*** Information shown Section Begins ***
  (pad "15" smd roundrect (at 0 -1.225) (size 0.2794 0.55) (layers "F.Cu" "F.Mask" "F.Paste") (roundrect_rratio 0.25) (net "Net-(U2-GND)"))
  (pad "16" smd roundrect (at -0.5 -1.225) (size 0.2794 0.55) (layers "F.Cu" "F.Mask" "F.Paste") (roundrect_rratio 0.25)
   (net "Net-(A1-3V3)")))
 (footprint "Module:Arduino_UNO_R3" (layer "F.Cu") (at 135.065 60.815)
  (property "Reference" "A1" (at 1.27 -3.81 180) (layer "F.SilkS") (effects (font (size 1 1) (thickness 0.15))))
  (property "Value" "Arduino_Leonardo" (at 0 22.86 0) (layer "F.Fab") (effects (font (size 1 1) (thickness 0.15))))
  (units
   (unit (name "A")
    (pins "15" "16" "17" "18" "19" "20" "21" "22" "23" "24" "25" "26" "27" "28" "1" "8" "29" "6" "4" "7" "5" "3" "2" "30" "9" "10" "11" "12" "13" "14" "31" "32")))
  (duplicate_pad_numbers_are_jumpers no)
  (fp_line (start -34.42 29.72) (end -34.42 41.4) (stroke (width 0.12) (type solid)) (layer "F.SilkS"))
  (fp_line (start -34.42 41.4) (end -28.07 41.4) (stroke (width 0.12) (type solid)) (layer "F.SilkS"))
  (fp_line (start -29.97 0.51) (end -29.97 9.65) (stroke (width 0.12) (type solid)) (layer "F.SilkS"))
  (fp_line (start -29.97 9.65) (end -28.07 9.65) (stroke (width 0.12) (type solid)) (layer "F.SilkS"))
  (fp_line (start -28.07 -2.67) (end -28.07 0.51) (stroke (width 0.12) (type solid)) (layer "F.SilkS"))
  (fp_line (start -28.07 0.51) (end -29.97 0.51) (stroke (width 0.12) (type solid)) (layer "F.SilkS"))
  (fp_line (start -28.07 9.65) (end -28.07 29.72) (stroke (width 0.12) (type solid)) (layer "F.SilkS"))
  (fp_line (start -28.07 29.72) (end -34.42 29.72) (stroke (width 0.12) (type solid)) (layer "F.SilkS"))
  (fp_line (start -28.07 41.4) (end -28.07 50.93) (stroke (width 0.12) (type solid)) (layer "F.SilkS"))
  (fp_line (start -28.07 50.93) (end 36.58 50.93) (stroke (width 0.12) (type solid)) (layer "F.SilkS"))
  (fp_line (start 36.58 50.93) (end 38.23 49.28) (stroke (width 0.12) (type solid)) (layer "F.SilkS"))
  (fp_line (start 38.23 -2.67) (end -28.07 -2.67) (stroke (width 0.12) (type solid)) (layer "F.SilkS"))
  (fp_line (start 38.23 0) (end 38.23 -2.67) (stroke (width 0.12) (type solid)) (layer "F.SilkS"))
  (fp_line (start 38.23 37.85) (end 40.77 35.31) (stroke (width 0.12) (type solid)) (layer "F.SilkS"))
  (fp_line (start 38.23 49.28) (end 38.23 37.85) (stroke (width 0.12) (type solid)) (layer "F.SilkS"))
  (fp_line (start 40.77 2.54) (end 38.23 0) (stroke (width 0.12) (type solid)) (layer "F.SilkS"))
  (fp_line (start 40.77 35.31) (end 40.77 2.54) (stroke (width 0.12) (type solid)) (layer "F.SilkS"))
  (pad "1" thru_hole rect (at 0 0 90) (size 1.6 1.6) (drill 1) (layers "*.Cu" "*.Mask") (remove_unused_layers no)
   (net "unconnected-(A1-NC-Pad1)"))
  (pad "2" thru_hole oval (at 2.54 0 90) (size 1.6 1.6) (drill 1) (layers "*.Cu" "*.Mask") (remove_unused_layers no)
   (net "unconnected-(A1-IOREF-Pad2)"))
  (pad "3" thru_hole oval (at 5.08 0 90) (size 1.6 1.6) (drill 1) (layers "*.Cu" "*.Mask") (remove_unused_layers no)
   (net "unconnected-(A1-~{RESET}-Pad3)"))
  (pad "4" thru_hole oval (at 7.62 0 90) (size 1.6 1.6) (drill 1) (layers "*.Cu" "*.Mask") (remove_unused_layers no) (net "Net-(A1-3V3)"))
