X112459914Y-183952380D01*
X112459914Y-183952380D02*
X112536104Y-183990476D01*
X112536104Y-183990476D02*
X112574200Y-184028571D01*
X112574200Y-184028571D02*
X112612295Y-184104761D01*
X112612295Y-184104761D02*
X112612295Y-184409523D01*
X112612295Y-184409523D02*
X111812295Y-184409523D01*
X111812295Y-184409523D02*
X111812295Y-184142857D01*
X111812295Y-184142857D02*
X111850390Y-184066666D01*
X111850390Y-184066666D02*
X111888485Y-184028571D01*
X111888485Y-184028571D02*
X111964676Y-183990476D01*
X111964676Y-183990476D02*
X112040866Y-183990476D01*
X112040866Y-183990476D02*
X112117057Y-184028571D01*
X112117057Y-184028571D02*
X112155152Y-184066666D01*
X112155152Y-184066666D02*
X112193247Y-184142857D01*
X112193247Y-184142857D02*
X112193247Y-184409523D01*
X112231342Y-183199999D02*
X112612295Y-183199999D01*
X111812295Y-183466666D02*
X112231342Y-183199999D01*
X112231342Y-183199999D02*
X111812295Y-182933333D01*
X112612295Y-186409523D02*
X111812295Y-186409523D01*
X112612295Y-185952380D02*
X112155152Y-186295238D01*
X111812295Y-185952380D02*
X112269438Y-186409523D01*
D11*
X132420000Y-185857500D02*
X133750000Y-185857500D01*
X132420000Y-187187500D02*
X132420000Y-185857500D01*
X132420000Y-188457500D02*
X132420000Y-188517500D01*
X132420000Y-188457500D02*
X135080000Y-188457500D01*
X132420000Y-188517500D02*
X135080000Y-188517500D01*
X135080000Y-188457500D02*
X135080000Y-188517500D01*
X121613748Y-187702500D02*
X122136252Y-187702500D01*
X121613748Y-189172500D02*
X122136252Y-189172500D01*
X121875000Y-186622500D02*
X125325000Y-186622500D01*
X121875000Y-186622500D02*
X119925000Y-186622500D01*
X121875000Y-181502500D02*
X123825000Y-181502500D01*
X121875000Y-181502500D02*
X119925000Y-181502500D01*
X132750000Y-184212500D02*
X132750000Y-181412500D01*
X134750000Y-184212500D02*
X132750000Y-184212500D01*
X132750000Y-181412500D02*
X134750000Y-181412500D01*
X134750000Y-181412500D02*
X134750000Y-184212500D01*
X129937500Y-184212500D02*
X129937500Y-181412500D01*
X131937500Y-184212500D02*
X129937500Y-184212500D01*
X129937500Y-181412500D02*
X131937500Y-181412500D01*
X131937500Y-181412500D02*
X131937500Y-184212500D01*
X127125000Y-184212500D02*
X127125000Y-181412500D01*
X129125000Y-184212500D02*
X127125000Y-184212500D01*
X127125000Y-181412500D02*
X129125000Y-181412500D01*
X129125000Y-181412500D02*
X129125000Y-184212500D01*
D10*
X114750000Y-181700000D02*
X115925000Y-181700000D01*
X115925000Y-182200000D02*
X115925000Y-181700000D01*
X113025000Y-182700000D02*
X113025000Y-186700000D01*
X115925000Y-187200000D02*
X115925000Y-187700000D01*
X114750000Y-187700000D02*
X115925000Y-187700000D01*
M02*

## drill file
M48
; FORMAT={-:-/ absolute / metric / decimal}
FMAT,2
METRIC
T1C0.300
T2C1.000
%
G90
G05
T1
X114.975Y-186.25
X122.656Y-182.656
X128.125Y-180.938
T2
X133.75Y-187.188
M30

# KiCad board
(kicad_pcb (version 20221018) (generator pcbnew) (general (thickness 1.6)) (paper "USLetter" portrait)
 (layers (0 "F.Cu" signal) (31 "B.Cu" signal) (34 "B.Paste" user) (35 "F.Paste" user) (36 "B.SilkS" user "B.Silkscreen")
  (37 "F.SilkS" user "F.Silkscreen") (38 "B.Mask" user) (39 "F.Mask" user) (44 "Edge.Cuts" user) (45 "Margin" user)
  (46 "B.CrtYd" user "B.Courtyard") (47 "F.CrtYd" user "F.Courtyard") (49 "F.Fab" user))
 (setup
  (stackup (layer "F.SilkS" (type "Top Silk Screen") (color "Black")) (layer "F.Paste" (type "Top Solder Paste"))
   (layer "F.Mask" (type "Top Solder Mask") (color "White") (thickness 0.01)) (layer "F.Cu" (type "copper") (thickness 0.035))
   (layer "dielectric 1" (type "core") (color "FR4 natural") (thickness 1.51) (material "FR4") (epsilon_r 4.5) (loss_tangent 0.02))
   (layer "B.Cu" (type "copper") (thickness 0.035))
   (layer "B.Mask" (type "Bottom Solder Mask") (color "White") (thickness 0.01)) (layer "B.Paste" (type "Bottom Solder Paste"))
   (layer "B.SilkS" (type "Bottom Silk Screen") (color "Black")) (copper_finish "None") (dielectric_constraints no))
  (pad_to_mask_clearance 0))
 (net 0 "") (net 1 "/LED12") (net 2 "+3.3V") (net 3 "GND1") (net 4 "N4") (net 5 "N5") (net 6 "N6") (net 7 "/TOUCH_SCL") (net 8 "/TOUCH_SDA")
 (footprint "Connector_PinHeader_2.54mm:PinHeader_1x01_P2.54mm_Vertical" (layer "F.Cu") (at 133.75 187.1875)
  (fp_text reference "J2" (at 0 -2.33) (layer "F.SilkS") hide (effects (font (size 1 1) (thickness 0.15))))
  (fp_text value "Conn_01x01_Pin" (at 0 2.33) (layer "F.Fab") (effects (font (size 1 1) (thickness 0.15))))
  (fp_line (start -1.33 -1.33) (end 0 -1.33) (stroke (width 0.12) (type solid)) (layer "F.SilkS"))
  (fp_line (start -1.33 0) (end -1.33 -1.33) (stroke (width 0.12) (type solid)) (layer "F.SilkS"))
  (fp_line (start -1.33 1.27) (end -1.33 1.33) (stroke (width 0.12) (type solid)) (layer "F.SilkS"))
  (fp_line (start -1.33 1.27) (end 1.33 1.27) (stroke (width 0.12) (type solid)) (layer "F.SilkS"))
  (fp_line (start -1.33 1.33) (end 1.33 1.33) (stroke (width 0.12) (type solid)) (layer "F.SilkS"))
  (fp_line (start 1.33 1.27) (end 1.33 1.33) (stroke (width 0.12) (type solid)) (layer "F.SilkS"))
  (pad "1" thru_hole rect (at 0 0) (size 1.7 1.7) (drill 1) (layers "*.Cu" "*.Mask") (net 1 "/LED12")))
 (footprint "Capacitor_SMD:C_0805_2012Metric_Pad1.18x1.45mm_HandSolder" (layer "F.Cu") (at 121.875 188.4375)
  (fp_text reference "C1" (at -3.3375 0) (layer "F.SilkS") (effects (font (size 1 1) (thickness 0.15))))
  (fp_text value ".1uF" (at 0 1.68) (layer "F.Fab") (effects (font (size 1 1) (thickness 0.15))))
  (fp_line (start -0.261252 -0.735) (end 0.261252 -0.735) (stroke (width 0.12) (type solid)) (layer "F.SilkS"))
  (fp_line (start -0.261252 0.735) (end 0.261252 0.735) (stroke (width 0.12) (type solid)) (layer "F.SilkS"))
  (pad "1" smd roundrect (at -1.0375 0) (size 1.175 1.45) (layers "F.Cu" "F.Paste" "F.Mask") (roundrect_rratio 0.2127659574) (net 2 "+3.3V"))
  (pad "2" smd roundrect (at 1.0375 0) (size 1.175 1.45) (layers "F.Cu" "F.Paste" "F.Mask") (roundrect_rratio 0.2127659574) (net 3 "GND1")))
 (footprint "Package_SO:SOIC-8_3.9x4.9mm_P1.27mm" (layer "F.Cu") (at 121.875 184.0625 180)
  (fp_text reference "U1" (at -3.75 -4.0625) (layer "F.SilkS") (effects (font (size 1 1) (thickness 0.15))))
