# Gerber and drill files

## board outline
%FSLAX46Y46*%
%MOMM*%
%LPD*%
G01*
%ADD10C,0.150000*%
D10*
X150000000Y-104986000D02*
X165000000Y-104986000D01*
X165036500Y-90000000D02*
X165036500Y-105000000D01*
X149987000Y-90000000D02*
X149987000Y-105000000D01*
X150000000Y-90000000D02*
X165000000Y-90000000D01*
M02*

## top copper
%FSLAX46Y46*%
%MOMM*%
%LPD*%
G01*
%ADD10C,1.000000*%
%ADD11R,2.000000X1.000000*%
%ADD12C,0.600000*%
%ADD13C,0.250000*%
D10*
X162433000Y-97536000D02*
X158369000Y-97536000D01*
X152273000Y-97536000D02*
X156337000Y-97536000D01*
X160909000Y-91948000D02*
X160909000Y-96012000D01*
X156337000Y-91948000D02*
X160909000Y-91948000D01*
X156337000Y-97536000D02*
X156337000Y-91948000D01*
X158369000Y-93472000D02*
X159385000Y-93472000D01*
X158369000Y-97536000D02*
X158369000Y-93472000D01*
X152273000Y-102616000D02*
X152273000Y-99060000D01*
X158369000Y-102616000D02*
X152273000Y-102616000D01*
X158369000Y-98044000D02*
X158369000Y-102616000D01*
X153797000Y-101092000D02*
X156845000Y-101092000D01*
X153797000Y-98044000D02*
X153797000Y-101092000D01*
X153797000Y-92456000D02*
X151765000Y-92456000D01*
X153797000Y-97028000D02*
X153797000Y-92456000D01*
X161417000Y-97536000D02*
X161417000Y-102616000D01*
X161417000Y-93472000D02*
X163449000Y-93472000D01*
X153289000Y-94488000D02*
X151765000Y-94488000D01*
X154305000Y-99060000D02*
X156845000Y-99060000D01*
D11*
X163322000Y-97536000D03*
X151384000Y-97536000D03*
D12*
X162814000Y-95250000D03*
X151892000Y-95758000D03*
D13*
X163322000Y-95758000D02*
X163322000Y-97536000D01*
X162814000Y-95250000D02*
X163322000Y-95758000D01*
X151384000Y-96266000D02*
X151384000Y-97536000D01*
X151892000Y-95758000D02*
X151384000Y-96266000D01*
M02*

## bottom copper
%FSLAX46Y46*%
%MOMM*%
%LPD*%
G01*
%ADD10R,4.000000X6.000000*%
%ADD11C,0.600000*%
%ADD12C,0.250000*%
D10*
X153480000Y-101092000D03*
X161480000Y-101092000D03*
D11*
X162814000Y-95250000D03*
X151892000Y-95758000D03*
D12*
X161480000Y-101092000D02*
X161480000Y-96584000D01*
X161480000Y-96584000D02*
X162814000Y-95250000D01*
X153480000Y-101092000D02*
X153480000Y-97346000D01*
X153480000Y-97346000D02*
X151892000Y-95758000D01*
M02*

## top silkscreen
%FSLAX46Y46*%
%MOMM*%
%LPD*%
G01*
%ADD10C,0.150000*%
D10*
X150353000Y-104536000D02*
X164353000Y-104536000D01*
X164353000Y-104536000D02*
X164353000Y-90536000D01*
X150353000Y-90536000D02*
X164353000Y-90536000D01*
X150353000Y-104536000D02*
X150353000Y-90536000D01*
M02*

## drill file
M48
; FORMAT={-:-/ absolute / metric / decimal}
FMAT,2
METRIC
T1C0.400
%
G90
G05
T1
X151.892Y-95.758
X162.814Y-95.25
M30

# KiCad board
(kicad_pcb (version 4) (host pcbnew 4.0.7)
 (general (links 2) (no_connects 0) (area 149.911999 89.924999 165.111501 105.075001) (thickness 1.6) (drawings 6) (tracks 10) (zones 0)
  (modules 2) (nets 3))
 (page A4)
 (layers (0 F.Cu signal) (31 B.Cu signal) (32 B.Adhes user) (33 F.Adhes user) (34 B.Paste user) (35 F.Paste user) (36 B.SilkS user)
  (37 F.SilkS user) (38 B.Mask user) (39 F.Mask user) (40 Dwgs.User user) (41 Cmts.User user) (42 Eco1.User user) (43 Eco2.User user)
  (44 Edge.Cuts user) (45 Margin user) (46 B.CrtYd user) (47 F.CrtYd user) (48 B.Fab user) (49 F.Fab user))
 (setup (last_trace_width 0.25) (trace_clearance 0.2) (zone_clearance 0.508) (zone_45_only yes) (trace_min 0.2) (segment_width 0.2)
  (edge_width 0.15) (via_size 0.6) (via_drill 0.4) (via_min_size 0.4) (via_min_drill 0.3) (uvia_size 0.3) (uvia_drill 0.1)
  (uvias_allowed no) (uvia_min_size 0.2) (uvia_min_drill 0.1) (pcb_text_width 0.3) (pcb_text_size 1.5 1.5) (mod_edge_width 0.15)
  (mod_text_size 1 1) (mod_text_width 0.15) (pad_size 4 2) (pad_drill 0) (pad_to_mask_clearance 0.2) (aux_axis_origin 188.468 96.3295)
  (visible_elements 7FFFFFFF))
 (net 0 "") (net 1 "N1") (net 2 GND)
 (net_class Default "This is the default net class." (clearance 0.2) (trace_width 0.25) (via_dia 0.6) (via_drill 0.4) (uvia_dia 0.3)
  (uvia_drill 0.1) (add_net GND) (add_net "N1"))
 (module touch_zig (layer F.Cu) (at 157.353 97.536)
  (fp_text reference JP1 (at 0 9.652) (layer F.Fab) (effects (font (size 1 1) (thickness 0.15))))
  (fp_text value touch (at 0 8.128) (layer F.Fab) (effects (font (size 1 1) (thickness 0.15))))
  (fp_line (start 5.08 0) (end 1.016 0) (layer F.Cu) (width 1))
  (fp_line (start -5.08 0) (end -1.016 0) (layer F.Cu) (width 1))
  (fp_line (start 3.556 -5.588) (end 3.556 -1.524) (layer F.Cu) (width 1))
  (fp_line (start -1.016 -5.588) (end 3.556 -5.588) (layer F.Cu) (width 1))
  (fp_line (start -1.016 0) (end -1.016 -5.588) (layer F.Cu) (width 1))
  (fp_line (start 1.016 -4.064) (end 2.032 -4.064) (layer F.Cu) (width 1))
  (fp_line (start 1.016 0) (end 1.016 -4.064) (layer F.Cu) (width 1))
  (fp_line (start -5.08 5.08) (end -5.08 1.524) (layer F.Cu) (width 1))
  (fp_line (start 1.016 5.08) (end -5.08 5.08) (layer F.Cu) (width 1))
  (fp_line (start 1.016 0.508) (end 1.016 5.08) (layer F.Cu) (width 1))
  (fp_line (start -3.556 3.556) (end -0.508 3.556) (layer F.Cu) (width 1))
  (fp_line (start -3.556 0.508) (end -3.556 3.556) (layer F.Cu) (width 1))
  (fp_line (start -3.556 -5.08) (end -5.588 -5.08) (layer F.Cu) (width 1))
  (fp_line (start -3.556 -0.508) (end -3.556 -5.08) (layer F.Cu) (width 1))
  (fp_line (start 4.064 0) (end 4.064 5.08) (layer F.Cu) (width 1))
  (fp_line (start 4.064 -4.064) (end 6.096 -4.064) (layer F.Cu) (width 1))
  (fp_line (start -4.064 -3.048) (end -5.588 -3.048) (layer F.Cu) (width 1))
  (fp_line (start -3.048 1.524) (end -0.508 1.524) (layer F.Cu) (width 1))
  (fp_line (start -7 7) (end 7 7) (layer F.SilkS) (width 0.15))
  (fp_line (start 7 7) (end 7 -7) (layer F.SilkS) (width 0.15))
  (fp_line (start -7 -7) (end 7 -7) (layer F.SilkS) (width 0.15))
  (fp_line (start -7 7) (end -7 -7) (layer F.SilkS) (width 0.15))
  (pad 2 smd rect (at 5.969 0) (size 2 1) (layers F.Cu F.Paste F.Mask) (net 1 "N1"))
  (pad 1 smd rect (at -5.969 0) (size 2 1) (layers F.Cu F.Paste F.Mask) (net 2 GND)))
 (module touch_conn (layer B.Cu) (at 157.48 101.092 90)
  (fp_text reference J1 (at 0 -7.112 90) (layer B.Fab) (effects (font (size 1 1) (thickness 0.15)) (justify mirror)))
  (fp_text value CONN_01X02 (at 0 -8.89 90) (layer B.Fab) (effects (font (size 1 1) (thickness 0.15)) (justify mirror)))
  (pad 2 smd rect (at 0 -4 90) (size 6 4) (layers B.Cu B.Paste B.Mask) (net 2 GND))
  (pad 1 smd rect (at 0 4 90) (size 6 4) (layers B.Cu B.Paste B.Mask) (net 1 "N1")))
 (gr_line (start 150 104.986) (end 165 104.986) (angle 90) (layer Edge.Cuts) (width 0.15))
 (gr_line (start 165.0365 90) (end 165.0365 105) (angle 90) (layer Edge.Cuts) (width 0.15))
 (gr_line (start 149.987 90) (end 149.987 105) (angle 90) (layer Edge.Cuts) (width 0.15))
 (gr_line (start 150 90) (end 165 90) (angle 90) (layer Edge.Cuts) (width 0.15))
 (segment (start 161.48 101.092) (end 161.48 96.584) (width 0.25) (layer B.Cu) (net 1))
 (segment (start 163.322 95.758) (end 163.322 97.536) (width 0.25) (layer F.Cu) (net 1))
 (segment (start 162.814 95.25) (end 163.322 95.758) (width 0.25) (layer F.Cu) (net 1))
 (via (at 162.814 95.25) (size 0.6) (drill 0.4) (layers F.Cu B.Cu) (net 1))
 (segment (start 161.48 96.584) (end 162.814 95.25) (width 0.25) (layer B.Cu) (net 1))
 (segment (start 153.48 101.092) (end 153.48 97.346) (width 0.25) (layer B.Cu) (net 2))
 (segment (start 151.384 96.266) (end 151.384 97.536) (width 0.25) (layer F.Cu) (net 2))
 (segment (start 151.892 95.758) (end 151.384 96.266) (width 0.25) (layer F.Cu) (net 2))
 (via (at 151.892 95.758) (size 0.6) (drill 0.4) (layers F.Cu B.Cu) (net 2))
 (segment (start 153.48 97.346) (end 151.892 95.758) (width 0.25) (layer B.Cu) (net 2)))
*** Information shown Section Ends ***
■ Problem requirements ■
For the listing above, state how many lines include the word "signal", and give only the number.

■ Your solution ■
2